Which of the two cadenzas does Andsnes use for the recording? "Oh, for me there is no question. I have to play the big one. I think the movement needs it. The other one has wonderful pianistic qualities, the kind he was developing in the Fourth Concerto and the revision of the First Concerto. It's amazingly fluently written for the hand. The big one is not as pianistic but I think it is so rich and becomes the peak of the movement. This is where the pianist conquers the movement in a big way."


----------



## gardibolt (May 22, 2015)

Rachmaninoff had a bad habit of second-guessing himself on his compositions.


----------



## aglayaepanchin (Jul 24, 2016)

Hey,

I love the work and I seem to stumble upon this cadenza conversation fairly often, so I have a few questions. Which one is the "Ostia" version, the longer or the shorter? Also how can I pinpoint when the cadenza begins? I know the work well but I seem to be unable to "recognize" it. Could you say an approximate time in to the work at which the cadenza usually begins?


----------



## arnerich (Aug 19, 2016)

Speaking of the ossia cadenza, who else hears the A6 ghost note? It happens at exactly 1:26 in the Bronfman recording, (the video posted below).

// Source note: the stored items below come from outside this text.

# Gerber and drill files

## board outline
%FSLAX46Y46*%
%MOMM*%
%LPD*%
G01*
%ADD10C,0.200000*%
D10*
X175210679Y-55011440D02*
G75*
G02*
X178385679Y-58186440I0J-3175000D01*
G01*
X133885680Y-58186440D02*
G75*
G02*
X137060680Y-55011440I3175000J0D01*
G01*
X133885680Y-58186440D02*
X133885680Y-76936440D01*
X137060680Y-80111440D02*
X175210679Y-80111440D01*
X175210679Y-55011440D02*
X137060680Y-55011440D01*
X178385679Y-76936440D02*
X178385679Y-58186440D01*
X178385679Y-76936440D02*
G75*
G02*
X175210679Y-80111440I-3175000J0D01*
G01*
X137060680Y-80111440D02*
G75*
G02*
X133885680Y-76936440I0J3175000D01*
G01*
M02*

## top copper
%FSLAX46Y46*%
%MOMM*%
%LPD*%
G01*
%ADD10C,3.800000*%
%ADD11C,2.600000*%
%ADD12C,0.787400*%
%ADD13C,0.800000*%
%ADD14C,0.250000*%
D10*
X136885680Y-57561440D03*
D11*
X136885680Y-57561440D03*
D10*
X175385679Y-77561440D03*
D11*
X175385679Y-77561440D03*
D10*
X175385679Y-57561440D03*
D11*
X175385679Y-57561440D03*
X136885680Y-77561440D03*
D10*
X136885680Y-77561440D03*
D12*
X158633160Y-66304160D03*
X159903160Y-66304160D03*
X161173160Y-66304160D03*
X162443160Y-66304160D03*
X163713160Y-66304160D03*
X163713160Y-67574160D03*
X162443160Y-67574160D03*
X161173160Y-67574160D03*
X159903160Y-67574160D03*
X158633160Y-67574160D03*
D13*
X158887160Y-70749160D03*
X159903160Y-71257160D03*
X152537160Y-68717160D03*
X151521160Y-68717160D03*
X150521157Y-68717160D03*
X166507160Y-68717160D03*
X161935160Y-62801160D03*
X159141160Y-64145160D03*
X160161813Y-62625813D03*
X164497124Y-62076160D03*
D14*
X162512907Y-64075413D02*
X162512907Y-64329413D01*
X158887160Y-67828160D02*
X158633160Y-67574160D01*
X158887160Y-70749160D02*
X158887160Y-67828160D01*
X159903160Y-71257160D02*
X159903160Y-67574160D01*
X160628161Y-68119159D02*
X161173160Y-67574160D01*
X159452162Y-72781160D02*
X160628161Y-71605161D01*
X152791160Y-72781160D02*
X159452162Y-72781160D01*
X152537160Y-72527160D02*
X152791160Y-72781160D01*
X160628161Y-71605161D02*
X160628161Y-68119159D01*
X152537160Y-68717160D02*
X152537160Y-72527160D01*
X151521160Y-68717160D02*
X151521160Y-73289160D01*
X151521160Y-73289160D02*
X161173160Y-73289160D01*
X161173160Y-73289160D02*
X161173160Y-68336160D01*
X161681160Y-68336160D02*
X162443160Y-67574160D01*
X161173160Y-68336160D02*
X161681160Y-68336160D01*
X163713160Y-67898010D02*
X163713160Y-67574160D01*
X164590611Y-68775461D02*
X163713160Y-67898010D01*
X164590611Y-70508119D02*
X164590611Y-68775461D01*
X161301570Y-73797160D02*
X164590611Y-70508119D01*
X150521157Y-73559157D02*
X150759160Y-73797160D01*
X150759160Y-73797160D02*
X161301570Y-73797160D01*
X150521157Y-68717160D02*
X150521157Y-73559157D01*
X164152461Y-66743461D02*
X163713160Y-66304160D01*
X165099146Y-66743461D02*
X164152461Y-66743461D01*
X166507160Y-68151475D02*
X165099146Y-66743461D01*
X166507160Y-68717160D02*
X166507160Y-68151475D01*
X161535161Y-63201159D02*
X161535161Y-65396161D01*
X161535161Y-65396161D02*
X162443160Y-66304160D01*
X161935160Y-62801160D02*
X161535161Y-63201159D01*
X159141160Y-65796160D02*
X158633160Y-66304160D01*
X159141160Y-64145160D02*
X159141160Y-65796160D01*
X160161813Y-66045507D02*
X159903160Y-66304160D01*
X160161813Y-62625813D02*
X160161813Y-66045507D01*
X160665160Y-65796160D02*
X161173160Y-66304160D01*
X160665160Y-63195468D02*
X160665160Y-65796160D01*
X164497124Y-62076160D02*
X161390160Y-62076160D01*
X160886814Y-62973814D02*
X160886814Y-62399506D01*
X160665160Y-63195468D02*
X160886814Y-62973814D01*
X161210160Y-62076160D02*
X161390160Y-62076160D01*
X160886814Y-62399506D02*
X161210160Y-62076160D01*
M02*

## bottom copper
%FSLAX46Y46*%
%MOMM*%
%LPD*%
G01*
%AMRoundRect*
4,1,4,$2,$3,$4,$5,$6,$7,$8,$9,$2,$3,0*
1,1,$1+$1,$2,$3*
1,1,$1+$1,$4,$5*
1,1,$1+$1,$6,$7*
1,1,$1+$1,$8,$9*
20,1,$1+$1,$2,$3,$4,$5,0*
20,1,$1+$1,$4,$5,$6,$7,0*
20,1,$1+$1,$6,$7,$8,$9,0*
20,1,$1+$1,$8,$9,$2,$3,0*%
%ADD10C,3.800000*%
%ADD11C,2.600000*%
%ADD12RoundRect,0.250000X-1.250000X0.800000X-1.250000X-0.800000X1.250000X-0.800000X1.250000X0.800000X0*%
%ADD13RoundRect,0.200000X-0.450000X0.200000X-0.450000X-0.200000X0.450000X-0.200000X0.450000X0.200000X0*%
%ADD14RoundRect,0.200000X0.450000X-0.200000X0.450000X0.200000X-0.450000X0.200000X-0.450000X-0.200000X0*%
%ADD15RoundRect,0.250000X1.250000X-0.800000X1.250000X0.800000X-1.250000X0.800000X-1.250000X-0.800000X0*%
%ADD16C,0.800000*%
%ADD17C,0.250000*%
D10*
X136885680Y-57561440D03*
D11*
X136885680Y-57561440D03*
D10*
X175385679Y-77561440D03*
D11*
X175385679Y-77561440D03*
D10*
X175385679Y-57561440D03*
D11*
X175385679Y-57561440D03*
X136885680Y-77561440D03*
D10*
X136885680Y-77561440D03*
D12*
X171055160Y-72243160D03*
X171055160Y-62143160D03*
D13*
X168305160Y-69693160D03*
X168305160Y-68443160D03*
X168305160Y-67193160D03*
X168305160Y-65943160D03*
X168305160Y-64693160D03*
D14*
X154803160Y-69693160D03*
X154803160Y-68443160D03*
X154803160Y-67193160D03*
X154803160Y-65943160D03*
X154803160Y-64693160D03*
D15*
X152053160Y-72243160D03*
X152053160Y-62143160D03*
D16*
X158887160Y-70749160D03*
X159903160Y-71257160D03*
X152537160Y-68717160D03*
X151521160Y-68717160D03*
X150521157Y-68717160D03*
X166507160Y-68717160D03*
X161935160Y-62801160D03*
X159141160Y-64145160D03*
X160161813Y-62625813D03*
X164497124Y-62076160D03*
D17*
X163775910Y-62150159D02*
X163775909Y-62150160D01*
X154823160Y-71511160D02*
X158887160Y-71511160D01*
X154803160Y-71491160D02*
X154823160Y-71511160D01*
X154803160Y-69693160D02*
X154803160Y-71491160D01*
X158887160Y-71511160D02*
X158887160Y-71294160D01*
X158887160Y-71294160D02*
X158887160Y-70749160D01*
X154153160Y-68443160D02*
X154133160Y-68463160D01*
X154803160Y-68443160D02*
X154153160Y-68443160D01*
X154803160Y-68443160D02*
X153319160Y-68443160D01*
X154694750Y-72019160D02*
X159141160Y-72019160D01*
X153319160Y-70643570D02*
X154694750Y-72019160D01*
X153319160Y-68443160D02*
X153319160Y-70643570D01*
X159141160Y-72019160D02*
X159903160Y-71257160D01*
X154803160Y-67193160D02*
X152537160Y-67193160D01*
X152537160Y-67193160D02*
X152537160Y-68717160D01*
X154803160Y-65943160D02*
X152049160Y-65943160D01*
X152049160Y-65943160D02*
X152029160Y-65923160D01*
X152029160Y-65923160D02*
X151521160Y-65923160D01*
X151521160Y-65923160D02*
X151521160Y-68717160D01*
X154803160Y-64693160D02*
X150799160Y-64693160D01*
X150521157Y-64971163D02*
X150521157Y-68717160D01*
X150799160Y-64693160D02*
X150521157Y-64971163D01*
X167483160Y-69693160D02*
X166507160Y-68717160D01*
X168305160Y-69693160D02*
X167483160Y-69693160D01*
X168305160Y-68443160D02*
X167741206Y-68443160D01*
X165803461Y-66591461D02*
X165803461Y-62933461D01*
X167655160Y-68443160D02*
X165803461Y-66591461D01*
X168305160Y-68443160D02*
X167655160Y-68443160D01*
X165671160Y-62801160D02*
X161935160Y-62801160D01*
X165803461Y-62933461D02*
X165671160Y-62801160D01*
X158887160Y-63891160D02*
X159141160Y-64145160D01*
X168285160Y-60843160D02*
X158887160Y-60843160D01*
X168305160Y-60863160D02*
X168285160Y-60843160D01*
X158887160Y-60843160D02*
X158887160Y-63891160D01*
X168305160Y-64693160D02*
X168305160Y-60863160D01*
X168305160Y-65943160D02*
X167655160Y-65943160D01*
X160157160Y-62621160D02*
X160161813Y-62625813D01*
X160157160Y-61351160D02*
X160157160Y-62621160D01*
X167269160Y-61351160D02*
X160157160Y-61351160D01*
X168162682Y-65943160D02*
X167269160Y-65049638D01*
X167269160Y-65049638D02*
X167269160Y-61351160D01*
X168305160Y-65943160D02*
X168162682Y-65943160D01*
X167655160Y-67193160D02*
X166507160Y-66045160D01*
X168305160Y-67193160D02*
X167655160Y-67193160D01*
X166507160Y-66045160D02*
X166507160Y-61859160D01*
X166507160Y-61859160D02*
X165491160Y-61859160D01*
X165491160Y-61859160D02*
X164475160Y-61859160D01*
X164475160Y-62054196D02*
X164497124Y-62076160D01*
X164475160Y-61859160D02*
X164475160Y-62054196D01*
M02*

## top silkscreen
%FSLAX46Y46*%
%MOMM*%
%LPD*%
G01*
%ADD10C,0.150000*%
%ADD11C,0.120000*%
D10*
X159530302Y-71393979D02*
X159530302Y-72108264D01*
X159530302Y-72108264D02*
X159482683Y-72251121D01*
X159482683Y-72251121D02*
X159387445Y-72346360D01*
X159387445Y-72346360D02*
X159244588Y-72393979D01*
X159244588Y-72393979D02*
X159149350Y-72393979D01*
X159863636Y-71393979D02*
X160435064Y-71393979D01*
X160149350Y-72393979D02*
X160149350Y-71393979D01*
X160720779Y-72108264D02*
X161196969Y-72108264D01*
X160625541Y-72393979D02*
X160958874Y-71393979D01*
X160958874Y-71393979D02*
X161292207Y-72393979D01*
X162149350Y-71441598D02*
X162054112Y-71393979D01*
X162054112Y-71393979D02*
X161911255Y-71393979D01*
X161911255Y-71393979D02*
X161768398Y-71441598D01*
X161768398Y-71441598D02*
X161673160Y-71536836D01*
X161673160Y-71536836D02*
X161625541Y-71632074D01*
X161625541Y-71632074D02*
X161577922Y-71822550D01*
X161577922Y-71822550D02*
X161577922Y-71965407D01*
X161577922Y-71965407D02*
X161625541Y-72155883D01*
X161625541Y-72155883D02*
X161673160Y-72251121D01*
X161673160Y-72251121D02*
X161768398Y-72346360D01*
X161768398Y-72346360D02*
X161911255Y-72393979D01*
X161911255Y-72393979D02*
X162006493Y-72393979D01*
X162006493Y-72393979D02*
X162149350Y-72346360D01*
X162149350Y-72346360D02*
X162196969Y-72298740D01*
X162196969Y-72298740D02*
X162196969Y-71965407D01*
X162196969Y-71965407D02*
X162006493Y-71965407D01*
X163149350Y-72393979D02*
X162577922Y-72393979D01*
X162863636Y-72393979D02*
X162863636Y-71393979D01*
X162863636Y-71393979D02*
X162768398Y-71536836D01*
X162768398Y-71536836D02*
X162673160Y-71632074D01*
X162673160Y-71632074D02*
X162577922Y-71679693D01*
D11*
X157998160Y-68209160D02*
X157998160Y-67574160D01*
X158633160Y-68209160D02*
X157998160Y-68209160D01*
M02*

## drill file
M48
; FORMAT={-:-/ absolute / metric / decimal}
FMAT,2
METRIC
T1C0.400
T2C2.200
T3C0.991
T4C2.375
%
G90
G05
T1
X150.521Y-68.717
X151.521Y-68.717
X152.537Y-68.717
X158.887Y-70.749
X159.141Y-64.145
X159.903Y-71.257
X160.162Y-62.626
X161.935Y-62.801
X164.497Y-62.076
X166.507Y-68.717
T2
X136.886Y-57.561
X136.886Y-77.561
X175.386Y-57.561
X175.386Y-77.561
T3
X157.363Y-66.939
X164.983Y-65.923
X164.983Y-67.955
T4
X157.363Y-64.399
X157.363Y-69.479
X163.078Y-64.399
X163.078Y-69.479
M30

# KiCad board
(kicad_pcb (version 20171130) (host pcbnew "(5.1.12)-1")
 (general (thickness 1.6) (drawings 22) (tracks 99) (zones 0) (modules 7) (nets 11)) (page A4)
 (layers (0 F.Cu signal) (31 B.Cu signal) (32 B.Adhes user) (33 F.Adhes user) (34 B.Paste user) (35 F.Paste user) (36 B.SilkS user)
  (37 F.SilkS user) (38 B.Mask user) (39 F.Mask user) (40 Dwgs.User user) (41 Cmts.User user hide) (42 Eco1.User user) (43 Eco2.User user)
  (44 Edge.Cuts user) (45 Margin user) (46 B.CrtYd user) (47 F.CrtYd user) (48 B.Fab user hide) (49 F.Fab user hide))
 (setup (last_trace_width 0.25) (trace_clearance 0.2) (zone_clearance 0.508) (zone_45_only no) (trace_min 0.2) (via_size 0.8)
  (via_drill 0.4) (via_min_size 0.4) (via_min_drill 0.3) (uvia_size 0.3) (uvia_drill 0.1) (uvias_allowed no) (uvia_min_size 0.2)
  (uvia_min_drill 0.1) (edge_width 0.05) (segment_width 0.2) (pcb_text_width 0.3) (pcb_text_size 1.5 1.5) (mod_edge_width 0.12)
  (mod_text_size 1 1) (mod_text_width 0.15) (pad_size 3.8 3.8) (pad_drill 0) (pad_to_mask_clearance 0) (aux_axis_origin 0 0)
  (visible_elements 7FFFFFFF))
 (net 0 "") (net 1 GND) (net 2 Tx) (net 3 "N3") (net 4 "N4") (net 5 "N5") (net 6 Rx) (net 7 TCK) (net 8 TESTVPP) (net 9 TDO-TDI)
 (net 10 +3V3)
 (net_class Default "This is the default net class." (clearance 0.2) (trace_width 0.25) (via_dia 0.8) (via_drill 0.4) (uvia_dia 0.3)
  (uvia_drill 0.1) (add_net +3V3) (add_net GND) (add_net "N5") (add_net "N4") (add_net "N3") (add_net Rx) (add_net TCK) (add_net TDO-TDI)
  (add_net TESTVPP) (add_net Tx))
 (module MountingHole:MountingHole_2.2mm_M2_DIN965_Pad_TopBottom (layer F.Cu) (at 136.88568 57.56144)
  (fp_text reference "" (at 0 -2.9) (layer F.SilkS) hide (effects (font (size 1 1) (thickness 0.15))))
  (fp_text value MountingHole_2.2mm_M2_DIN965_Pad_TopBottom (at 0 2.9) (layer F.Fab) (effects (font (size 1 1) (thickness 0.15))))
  (pad 1 connect circle (at 0 0) (size 3.8 3.8) (layers B.Cu B.Mask))
  (pad 1 connect circle (at 0 0) (size 3.8 3.8) (layers F.Cu F.Mask))
  (pad 1 thru_hole circle (at 0 0) (size 2.6 2.6) (drill 2.2) (layers *.Cu *.Mask)))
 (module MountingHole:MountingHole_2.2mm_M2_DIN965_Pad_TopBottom (layer F.Cu) (at 175.385679 77.56144)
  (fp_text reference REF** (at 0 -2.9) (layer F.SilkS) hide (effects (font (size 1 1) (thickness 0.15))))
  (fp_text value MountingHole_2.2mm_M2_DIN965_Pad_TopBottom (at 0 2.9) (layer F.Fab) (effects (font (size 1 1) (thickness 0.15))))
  (pad 1 connect circle (at 0 0) (size 3.8 3.8) (layers B.Cu B.Mask))
  (pad 1 connect circle (at 0 0) (size 3.8 3.8) (layers F.Cu F.Mask))
  (pad 1 thru_hole circle (at 0 0) (size 2.6 2.6) (drill 2.2) (layers *.Cu *.Mask)))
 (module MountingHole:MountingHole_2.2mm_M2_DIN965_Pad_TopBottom (layer F.Cu) (at 175.385679 57.56144)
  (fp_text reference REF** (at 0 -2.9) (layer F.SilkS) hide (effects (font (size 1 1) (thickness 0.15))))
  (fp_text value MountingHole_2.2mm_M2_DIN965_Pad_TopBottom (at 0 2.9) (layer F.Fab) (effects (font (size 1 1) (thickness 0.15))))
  (pad 1 connect circle (at 0 0) (size 3.8 3.8) (layers B.Cu B.Mask))
  (pad 1 connect circle (at 0 0) (size 3.8 3.8) (layers F.Cu F.Mask))
  (pad 1 thru_hole circle (at 0 0) (size 2.6 2.6) (drill 2.2) (layers *.Cu *.Mask)))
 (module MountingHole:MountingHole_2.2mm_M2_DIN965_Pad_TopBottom (layer F.Cu) (at 136.88568 77.56144)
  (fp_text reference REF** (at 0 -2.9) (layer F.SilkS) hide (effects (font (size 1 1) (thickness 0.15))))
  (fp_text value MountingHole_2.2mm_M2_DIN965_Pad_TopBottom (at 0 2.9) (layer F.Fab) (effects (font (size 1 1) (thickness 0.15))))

The exact note, the third A above middle C, is NOT played but it's harmonic is so clearly sounded that for years I thought it was part of the top melody line. Maybe not everyone will hear it but I've shown a few pianist (w/ perfect pitch) and they swear "it must have been played!". I'll include a picture of the exact measure as well with the moment circled. I can't imagine being the first to discover it but I can't find any proof otherwise. Do you hear it?


----------



## MarkW (Feb 16, 2015)

For whatever reason, the version I took a shine to early and is the one that rings in my head is Weissenberg with the CSO (RCA long ago). Anyone know which cadenza that is?


----------



## 444mil (May 27, 2018)

kocsis lighter cadenza.

volodos larger one.

ashkenazy, pletnev, kissin too. (larger)


----------



## Rubens (Nov 5, 2017)

It's Rachmaninoff. Bigger is better. Preferring the smaller cadenza would be like going to McD and ordering a Diet Coke to go with your Double Big Mac and large fries.


----------



## Couchie (Dec 9, 2010)

Definitely the _ossia_ cadenza. Although I admit the best performance is in one's own imagination. Like Tristan's monologue in Act III of the opera, if somebody was to try and do it justice, they would probably die.


----------



## IMAWriter (7 mo ago)

Not sure it was mentioned here, but several of the first movement cuts were due to recording time constrictions. Lacquer disks had only so much recording time. That doesn't explain why, for instance Janis took them. Can't remember if Wild did. Both were very fine performances otherwise.


----------